O objetivo principal parece ser evitar deixar rastros nas saídas do comando, exigindo que os resultados sejam exfiltrados 15 segundos antes de o arquivo ser sobrescrito.
A Volexity, em sua própria análise, disse ter observado o agente da ameaça explorando remotamente o firewall para criar um shell reverso, baixar ferramentas adicionais, entrar em redes internas e, por fim, exfiltrar dados. A escala exacta da campanha não é actualmente clara. O adversário recebeu o apelido de UTA0218 pela empresa.
“A habilidade e a velocidade empregadas pelo invasor sugerem um ator de ameaça altamente capaz, com um manual claro sobre o que acessar para promover seus objetivos”, disse a empresa americana de segurança cibernética .
“Os objetivos iniciais do UTA0218 visavam obter as chaves DPAPI de backup do domínio e direcionar as credenciais do diretório ativo, obtendo o arquivo NTDS.DIT. Eles visavam ainda as estações de trabalho dos usuários para roubar cookies salvos e dados de login, juntamente com as chaves DPAPI dos usuários.”
Recomenda-se que as organizações procurem sinais de movimento lateral internamente em seu dispositivo de firewall GlobalProtect da Palo Alto Networks.

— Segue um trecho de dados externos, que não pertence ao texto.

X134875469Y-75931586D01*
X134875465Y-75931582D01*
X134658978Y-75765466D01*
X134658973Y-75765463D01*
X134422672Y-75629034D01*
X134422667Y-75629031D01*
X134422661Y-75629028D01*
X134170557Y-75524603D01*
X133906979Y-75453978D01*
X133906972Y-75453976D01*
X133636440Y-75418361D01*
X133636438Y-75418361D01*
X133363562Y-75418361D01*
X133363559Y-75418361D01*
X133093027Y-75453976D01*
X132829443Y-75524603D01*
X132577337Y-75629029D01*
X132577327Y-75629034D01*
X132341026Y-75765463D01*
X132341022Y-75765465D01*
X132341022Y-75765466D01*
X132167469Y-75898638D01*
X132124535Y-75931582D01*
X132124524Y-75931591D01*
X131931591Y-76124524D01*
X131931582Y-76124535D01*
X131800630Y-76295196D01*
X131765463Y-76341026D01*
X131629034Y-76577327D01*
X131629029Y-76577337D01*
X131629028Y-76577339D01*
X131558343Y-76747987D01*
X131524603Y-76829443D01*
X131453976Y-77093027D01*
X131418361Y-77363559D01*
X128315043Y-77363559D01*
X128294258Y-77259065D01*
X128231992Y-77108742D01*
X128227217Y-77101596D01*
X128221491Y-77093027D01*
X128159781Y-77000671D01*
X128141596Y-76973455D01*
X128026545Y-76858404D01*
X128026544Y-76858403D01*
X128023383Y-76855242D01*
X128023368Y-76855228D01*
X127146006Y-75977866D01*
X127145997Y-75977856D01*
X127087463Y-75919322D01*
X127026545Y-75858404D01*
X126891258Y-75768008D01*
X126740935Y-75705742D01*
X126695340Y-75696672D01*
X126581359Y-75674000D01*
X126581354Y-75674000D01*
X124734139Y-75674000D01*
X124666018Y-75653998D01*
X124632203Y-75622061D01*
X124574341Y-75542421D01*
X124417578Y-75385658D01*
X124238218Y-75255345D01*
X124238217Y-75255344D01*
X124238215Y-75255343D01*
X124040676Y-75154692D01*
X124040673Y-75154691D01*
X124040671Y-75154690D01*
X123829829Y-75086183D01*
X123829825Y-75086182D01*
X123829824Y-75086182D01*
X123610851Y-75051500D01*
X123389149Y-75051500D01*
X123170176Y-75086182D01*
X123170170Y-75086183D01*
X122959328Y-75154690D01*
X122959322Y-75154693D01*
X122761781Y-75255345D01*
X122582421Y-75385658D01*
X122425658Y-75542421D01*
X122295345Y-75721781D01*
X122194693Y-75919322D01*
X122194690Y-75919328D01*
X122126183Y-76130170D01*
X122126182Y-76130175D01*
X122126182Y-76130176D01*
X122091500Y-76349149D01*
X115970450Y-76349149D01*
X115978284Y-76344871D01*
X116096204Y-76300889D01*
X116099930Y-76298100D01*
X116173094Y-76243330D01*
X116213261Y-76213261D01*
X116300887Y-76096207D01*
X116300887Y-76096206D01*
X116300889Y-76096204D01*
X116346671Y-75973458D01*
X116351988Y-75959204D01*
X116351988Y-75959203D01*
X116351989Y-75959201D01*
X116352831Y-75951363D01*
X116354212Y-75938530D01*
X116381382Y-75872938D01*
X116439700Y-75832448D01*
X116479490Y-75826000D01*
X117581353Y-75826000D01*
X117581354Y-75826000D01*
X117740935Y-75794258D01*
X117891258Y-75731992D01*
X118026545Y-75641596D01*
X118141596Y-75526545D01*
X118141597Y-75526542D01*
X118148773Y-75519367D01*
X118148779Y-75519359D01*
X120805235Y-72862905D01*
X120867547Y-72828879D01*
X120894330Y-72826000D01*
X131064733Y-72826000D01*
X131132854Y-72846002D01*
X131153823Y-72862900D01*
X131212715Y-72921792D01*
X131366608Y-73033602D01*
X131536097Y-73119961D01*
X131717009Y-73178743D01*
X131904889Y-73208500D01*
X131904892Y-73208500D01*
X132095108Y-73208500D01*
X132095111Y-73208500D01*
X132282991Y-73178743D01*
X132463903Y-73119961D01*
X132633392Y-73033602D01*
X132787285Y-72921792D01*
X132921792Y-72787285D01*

O desenvolvimento também levou a Agência de Segurança Cibernética e de Infraestrutura dos EUA (CISA) a adicionar a falha ao seu catálogo de Vulnerabilidades Exploradas Conhecidas ( KEV ), exigindo que as agências federais apliquem os patches até 19 de abril para mitigar ameaças potenciais. Espera-se que a Palo Alto Networks libere correções para a falha até 14 de abril.
“Direcionar dispositivos de ponta continua sendo um vetor popular de ataque para agentes de ameaças capazes que têm tempo e recursos para investir na pesquisa de novas vulnerabilidades”, disse Volexity.
“É altamente provável que o UTA0218 seja um ator de ameaça apoiado pelo Estado com base nos recursos necessários para desenvolver e explorar uma vulnerabilidade desta natureza, no tipo de vítimas visadas por este ator e nas capacidades exibidas para instalar o backdoor Python e acessar ainda mais a vítima. redes.”